For example, a major objection to the Anglo-Saxon approach is that it fosters indifference towards hate speech and coercive (yet non-violent) behaviours. After all, from the Anglo-Saxon perspective, not only should legal and non-violent activities by extremist groups prompt no government response, they are seen as desirable expressions of political activism, because they allow people to ‘let off steam’, prevent them from becoming terrorists, and—more generally—‘help liberal democracies evolve into just and fair societies’.[88] In reality, however, not every counterculture consists of peace-loving hippies, and not every legal or non-violent behaviour is conducive to democracy or helps societies become ‘just and fair’. In the late 1990s, for example, neo-Nazi groups in the former East Germany created ‘liberated zones’ which immigrants were made to leave and where political moderates had to put up with intimidation and pressure.

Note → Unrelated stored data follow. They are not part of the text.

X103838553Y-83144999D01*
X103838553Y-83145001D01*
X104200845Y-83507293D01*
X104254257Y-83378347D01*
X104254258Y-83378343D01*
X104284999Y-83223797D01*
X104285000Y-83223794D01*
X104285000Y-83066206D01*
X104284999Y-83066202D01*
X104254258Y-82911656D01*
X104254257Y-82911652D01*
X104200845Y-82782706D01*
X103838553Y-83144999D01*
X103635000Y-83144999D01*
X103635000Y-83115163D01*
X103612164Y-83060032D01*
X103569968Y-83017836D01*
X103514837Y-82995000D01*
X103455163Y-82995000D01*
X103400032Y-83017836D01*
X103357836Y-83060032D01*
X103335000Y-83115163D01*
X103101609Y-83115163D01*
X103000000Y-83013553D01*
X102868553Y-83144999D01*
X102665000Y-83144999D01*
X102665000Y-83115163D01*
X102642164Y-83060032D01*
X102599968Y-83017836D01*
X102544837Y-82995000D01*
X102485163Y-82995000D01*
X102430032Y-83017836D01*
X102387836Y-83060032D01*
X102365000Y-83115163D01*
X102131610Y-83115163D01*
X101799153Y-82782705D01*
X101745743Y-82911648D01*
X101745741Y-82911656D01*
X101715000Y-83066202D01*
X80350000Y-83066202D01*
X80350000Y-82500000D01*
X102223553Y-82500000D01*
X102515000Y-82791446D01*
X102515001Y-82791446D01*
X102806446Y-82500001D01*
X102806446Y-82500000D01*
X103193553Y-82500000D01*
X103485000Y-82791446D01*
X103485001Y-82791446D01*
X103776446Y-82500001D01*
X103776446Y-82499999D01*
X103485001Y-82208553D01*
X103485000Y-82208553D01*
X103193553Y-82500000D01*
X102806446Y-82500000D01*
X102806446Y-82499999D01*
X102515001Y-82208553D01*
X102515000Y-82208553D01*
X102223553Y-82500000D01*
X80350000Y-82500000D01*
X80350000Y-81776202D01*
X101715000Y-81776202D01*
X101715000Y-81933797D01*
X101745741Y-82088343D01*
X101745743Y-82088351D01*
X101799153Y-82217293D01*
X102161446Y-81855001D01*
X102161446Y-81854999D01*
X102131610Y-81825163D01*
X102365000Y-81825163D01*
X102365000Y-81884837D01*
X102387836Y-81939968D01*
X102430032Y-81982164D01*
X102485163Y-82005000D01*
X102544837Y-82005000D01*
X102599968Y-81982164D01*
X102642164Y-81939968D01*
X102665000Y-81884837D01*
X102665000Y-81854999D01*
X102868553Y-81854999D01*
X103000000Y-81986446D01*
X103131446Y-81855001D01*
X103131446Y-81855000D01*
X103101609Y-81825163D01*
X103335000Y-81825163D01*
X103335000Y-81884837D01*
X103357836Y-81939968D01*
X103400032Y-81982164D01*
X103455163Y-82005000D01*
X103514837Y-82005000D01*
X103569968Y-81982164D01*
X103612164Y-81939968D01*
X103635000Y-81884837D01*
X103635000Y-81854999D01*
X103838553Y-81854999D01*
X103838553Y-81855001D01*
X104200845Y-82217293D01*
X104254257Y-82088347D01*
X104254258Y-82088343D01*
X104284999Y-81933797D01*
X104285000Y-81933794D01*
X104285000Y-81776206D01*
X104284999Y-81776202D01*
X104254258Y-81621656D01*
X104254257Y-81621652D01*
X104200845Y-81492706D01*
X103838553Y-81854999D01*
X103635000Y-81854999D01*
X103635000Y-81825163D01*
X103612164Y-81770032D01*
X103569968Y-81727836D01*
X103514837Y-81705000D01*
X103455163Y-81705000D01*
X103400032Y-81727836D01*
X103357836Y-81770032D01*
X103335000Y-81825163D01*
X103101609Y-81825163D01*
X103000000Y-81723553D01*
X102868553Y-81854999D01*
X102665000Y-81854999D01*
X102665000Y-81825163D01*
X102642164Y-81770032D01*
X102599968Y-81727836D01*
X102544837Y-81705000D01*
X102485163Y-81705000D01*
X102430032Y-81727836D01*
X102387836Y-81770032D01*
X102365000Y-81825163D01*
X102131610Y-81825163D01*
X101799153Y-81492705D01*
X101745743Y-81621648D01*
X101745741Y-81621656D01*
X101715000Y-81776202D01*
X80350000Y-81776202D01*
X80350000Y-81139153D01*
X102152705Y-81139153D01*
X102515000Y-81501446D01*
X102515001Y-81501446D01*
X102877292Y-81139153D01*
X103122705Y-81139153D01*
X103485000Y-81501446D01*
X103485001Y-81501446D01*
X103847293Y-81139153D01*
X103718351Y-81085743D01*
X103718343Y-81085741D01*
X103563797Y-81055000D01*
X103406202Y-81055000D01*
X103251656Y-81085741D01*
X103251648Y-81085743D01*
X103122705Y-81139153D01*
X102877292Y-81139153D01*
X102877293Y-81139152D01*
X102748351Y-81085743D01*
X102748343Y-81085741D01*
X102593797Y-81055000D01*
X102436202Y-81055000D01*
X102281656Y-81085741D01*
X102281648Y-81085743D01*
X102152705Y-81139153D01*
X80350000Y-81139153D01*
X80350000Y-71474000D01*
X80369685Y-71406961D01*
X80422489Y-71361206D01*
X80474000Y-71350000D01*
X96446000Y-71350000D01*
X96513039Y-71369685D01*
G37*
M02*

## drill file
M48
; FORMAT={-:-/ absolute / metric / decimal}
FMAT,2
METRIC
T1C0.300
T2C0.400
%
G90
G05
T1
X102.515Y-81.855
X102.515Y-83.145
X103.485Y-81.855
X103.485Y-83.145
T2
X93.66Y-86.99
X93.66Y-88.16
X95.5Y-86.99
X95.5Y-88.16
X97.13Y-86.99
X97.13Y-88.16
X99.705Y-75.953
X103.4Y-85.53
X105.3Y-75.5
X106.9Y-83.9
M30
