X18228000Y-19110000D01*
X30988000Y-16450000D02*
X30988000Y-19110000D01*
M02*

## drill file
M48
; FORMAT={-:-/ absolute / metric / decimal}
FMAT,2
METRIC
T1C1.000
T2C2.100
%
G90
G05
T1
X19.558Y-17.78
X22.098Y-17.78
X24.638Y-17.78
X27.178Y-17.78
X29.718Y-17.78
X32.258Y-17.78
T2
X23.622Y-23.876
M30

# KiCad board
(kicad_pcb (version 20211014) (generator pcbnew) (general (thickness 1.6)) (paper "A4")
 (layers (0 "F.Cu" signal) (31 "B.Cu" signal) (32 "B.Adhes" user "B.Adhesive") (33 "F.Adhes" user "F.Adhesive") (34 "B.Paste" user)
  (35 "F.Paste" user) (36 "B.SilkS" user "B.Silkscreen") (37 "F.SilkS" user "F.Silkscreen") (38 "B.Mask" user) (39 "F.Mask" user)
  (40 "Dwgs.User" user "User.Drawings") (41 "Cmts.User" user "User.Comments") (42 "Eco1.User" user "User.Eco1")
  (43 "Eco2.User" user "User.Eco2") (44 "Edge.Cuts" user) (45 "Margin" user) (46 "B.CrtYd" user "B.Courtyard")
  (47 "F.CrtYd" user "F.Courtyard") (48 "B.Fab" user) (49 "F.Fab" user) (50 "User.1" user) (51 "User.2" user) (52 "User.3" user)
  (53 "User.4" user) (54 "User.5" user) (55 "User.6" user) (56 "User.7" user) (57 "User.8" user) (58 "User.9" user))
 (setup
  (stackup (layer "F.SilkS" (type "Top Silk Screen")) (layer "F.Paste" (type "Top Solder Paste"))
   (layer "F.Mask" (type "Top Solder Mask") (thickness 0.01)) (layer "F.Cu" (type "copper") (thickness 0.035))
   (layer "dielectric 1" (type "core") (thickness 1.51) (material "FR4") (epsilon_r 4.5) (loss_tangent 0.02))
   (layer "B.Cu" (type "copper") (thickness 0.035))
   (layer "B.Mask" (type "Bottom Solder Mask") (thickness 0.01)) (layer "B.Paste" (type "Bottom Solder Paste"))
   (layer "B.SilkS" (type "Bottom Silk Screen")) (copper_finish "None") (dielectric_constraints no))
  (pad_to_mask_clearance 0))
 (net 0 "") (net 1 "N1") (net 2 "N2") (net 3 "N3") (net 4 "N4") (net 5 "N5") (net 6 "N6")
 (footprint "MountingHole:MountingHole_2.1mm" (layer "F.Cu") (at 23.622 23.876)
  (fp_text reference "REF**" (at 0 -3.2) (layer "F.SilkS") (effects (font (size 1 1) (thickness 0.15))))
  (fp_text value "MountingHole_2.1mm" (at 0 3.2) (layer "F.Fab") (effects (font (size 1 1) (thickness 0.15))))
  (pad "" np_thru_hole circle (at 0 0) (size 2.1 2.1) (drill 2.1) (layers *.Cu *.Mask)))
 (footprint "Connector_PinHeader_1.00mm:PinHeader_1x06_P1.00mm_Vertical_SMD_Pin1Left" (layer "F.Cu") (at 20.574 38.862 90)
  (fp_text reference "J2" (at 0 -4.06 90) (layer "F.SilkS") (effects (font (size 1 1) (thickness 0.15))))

Some of the neo-Nazis’ activities involved open threats and violence, but they mostly relied on aggressive speeches, public ‘shows of strength’, bullying, and other tactics that fell short of law-breaking and the use of physical violence.[89] By focusing on terrorism, violence and law-breaking, the Anglo-Saxon approach conveys the impression that such ‘lesser’ forms of coercion should be of no concern. It conflates what is legal and what is legitimate^ and—in doing so—foments a civic culture in which governments and civil societies are more likely to turn a blind eye to hate speech, open expressions of racism and politically motivated intimidation, assuming that—since they are not illegal and do not involve violence—they must therefore be ‘okay’.
One of the most damning accusations levelled against the Anglo-Saxon approach is that—contrary to its intentions—it encourages law enforcement to ‘manufacture’ illegal behaviour. In the United States, the Federal Bureau of Investigation (FBI) regularly carries out so-called ‘sting operations’ in which agents identify cognitive extremists and then ‘assist’ them in translating their ideas into (prosecutable) actions, typically with the help of undercover agents or paid informants who claim to be members of terrorist organizations and provide encouragement, incentives and material support. Antonio Martinez, for example, had posted various messages in support of ‘violent jihad’ on his Facebook page, prompting FBI undercover agents to provide him with a fake car bomb (which he tried to set off in December 2010).[90] Similarly, the Newburgh Four, a group of ‘smalltime felons’ with jihadist sympathies,[91] were promised ‘$250,000, several luxury cars, and financing for a barbershop’ by an FBI informant for their agreement to take part in a terrorist attack.[92] Civil rights organizations such as the American Civil Liberties Union have denounced the FBI’s methods in these (and many other) cases as ‘entrapment’.[93] Yet, from the FBI’s perspective, the lack of instruments for dealing with radicalization short of actual terrorist plotting, and the potential risk involved in allowing cognitively radicalized people to roam free, leaves law enforcement with no choice but to ‘create’ illegal behaviours where none had previously existed.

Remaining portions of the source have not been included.